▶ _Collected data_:
-- Opening Marker --
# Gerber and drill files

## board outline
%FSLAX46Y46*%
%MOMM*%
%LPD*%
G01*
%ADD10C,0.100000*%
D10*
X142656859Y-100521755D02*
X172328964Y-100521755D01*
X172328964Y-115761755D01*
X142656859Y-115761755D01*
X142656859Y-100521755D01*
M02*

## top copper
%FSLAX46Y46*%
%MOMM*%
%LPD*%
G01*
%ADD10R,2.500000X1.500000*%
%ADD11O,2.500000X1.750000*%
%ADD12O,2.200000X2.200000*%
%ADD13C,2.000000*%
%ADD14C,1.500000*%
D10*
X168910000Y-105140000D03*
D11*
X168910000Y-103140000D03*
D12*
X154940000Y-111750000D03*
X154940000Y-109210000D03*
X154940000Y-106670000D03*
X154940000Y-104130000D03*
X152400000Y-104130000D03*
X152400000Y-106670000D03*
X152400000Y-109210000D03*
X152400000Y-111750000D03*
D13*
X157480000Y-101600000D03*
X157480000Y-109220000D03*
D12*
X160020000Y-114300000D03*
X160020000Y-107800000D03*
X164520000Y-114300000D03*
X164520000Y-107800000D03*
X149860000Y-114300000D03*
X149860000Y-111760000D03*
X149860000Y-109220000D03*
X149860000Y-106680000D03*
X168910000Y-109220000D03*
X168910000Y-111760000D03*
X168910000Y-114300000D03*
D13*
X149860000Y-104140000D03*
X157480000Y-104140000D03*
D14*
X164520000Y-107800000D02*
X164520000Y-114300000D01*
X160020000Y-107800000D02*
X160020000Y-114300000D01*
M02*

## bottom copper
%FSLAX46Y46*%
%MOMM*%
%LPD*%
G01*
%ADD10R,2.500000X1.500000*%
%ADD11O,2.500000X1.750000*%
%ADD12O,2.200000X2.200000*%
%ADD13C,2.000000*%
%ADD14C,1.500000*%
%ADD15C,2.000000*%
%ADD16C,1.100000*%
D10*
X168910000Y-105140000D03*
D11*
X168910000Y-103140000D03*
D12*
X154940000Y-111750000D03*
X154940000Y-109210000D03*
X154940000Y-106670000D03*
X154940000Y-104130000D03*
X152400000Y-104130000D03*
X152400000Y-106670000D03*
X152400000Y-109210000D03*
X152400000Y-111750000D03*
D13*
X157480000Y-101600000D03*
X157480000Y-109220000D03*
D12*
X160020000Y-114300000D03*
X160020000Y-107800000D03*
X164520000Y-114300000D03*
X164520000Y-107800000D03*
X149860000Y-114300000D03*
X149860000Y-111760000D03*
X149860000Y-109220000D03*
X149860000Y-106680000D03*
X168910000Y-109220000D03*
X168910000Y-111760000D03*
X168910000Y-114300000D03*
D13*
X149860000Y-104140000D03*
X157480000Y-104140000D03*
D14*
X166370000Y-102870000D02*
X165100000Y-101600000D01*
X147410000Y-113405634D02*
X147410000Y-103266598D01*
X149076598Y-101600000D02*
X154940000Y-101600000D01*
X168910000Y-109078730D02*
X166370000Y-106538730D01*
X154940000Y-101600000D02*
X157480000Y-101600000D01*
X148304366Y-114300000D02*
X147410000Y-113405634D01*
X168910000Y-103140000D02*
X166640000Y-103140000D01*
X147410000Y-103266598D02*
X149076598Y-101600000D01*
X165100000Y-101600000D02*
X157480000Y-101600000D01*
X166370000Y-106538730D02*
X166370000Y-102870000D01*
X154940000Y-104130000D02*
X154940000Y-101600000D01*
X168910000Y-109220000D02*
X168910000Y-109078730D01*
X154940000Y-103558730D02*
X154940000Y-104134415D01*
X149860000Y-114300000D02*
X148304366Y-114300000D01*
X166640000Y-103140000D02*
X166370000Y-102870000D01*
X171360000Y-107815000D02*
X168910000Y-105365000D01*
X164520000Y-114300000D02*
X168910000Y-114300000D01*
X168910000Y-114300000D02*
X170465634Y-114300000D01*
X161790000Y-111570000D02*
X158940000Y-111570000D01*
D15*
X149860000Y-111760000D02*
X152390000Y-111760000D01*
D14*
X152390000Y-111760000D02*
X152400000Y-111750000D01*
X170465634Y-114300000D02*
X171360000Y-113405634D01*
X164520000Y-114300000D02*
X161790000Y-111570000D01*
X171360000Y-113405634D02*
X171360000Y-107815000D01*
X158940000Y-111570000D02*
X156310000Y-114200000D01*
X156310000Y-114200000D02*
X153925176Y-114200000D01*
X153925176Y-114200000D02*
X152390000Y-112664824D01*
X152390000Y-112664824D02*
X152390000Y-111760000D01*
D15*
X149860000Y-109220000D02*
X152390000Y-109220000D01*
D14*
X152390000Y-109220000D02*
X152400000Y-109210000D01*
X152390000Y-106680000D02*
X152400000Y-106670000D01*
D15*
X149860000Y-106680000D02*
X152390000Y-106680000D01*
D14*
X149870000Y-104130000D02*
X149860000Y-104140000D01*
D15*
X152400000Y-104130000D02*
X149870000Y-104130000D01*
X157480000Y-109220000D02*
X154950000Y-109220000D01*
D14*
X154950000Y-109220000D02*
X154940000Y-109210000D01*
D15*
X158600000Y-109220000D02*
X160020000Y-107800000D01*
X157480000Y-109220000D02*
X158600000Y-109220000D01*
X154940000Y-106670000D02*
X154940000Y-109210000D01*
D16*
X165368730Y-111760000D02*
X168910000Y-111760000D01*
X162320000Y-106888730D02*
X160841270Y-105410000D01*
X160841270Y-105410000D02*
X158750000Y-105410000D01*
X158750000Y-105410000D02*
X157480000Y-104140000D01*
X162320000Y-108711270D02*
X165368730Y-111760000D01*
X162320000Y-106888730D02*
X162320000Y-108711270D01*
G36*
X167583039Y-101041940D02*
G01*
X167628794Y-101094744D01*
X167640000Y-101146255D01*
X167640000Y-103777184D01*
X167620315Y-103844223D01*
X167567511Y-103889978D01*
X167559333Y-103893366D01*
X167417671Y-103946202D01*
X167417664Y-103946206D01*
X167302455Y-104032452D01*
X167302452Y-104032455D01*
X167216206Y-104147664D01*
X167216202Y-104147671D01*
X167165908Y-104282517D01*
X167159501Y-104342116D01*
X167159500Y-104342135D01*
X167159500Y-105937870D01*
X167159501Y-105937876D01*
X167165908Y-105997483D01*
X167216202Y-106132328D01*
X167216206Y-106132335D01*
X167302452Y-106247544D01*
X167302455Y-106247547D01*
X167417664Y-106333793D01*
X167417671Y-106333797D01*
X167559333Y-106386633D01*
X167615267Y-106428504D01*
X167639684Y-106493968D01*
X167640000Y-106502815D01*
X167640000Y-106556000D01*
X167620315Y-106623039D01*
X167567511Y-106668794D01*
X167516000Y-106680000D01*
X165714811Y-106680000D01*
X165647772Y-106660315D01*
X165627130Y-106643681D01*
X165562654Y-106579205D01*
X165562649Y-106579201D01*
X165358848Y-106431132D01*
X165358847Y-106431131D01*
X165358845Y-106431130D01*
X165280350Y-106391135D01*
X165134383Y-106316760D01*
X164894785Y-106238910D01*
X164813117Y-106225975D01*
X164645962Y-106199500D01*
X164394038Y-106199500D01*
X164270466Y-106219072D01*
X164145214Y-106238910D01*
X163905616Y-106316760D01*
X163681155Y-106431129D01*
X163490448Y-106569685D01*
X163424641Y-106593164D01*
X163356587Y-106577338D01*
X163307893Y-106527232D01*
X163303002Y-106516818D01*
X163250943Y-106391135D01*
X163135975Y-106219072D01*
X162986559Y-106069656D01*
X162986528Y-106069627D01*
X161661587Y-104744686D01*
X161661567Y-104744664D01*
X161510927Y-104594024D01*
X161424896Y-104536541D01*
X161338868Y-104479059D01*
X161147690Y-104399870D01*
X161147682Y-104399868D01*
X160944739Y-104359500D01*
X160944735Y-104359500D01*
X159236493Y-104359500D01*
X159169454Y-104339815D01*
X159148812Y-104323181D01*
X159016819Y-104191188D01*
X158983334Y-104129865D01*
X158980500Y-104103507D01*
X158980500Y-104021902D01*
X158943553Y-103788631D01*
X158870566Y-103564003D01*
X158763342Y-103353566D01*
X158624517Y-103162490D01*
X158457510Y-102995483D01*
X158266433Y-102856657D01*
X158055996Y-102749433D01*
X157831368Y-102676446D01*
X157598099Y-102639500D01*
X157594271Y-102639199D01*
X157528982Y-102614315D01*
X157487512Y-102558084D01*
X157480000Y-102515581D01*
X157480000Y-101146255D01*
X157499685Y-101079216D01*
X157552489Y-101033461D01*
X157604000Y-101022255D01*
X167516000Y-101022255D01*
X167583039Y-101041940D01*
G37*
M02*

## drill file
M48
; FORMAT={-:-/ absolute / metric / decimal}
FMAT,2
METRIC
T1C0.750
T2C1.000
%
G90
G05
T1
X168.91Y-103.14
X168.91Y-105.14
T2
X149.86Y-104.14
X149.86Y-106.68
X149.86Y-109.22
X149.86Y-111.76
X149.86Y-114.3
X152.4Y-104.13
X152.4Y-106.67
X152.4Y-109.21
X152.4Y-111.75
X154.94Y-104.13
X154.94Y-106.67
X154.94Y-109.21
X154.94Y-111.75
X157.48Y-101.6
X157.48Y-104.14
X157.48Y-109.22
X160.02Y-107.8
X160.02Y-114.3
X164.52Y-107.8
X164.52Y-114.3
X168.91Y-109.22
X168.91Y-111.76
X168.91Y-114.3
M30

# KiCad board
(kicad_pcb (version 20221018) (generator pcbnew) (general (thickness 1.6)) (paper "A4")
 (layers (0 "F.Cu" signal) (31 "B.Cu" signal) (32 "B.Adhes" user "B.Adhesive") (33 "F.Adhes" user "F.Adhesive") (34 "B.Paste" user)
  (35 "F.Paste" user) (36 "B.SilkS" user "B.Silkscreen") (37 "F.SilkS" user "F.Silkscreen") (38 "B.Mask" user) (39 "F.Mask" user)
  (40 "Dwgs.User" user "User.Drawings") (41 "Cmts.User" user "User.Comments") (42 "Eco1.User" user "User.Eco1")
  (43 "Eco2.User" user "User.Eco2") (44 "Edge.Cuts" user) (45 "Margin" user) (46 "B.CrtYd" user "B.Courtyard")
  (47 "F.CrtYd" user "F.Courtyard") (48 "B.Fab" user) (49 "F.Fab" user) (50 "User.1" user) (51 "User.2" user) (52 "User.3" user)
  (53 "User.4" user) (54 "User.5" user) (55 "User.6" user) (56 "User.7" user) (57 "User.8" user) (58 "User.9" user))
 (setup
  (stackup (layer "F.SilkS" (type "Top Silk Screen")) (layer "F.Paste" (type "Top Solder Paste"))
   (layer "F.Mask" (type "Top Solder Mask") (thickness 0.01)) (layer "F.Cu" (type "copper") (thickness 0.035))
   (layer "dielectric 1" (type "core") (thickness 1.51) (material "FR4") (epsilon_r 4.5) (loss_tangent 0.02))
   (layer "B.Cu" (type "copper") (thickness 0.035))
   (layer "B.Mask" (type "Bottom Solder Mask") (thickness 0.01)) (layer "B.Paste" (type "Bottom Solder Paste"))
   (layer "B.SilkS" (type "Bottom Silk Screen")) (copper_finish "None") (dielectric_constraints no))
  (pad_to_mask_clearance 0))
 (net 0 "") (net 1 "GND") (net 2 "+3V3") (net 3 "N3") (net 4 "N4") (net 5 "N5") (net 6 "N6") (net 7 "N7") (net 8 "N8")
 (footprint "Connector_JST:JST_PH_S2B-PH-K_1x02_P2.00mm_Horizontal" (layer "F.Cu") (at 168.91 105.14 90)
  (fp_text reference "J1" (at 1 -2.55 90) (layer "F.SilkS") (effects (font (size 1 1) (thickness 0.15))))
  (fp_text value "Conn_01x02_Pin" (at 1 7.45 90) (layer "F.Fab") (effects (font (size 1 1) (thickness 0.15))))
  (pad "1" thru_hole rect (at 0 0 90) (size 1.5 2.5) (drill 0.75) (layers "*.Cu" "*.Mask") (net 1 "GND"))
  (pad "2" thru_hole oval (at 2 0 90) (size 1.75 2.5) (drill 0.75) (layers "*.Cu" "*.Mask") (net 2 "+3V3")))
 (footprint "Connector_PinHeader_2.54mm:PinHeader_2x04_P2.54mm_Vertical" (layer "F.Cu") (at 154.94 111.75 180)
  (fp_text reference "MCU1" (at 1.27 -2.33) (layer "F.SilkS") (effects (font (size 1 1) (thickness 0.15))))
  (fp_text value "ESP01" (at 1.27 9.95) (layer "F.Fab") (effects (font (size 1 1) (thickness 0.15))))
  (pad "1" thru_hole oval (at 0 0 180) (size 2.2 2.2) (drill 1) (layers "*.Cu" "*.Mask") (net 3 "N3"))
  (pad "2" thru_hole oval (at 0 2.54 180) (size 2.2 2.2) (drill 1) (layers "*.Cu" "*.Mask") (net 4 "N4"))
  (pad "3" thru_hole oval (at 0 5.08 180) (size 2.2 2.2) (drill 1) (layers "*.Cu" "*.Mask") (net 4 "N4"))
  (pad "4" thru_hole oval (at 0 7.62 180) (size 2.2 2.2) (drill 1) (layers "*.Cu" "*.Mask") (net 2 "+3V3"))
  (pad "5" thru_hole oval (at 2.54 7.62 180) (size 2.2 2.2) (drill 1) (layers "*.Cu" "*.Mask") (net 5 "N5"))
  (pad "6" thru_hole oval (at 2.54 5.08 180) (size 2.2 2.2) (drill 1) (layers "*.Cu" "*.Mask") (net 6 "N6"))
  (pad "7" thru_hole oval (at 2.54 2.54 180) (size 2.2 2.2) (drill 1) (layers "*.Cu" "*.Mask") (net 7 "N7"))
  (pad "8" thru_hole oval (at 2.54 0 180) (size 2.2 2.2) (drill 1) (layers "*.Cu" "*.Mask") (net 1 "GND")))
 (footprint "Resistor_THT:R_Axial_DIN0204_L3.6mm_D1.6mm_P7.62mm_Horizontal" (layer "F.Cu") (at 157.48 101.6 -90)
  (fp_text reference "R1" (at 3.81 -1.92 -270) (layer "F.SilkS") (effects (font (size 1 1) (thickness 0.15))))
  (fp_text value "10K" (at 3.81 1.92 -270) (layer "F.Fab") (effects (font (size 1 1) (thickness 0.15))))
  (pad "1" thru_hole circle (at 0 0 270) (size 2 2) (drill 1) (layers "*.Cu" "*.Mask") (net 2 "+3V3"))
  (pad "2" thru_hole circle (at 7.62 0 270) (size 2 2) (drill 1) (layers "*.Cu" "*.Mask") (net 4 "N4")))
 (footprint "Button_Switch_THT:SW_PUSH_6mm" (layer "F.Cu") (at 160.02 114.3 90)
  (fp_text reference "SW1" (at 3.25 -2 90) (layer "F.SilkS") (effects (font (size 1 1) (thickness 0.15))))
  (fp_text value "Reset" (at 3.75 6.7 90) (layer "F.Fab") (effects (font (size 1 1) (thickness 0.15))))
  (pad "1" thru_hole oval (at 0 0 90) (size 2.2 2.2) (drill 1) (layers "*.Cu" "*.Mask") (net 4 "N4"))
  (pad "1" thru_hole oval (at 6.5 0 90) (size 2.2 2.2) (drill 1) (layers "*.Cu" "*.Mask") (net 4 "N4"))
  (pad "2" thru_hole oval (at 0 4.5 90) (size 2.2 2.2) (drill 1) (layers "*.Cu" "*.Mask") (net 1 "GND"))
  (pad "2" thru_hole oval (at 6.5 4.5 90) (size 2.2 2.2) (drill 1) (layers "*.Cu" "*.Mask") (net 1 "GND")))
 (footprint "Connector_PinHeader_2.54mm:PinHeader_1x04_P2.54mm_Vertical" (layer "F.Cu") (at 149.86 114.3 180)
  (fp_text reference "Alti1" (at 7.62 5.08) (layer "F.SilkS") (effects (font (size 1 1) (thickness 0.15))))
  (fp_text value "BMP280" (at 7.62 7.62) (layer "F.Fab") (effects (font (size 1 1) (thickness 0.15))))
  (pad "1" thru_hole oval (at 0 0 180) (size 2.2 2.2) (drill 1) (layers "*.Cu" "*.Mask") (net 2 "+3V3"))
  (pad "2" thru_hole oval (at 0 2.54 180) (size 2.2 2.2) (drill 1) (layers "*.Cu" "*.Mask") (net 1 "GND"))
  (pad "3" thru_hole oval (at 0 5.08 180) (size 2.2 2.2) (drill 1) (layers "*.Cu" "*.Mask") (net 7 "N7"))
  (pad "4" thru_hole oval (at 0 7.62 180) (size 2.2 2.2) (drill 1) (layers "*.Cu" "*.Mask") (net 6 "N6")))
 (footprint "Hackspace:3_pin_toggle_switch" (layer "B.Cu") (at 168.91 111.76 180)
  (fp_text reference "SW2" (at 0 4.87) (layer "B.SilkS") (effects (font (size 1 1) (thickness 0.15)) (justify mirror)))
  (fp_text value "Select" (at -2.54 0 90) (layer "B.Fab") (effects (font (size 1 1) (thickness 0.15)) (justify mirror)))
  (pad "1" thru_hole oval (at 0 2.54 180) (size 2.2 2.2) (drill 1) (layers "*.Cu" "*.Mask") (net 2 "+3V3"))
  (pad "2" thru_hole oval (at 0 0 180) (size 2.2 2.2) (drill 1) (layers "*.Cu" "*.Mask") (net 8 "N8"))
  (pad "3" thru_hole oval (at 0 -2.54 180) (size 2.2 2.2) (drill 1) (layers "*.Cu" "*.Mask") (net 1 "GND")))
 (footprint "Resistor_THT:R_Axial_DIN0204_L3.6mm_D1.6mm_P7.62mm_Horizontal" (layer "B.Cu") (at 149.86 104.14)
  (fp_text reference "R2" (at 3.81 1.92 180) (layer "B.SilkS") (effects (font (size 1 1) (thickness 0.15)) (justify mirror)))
-- Closing Marker --
Only one stretch of the records above is wanted: the lines between the one holding "X163490448Y-106569685D01*" and the one holding "X160944739Y-104359500D01*", inclusive, reproduced exactly.

▶ _Answer to this problem_:
X163490448Y-106569685D01*
X163424641Y-106593164D01*
X163356587Y-106577338D01*
X163307893Y-106527232D01*
X163303002Y-106516818D01*
X163250943Y-106391135D01*
X163135975Y-106219072D01*
X162986559Y-106069656D01*
X162986528Y-106069627D01*
X161661587Y-104744686D01*
X161661567Y-104744664D01*
X161510927Y-104594024D01*
X161424896Y-104536541D01*
X161338868Y-104479059D01*
X161147690Y-104399870D01*
X161147682Y-104399868D01*
X160944739Y-104359500D01*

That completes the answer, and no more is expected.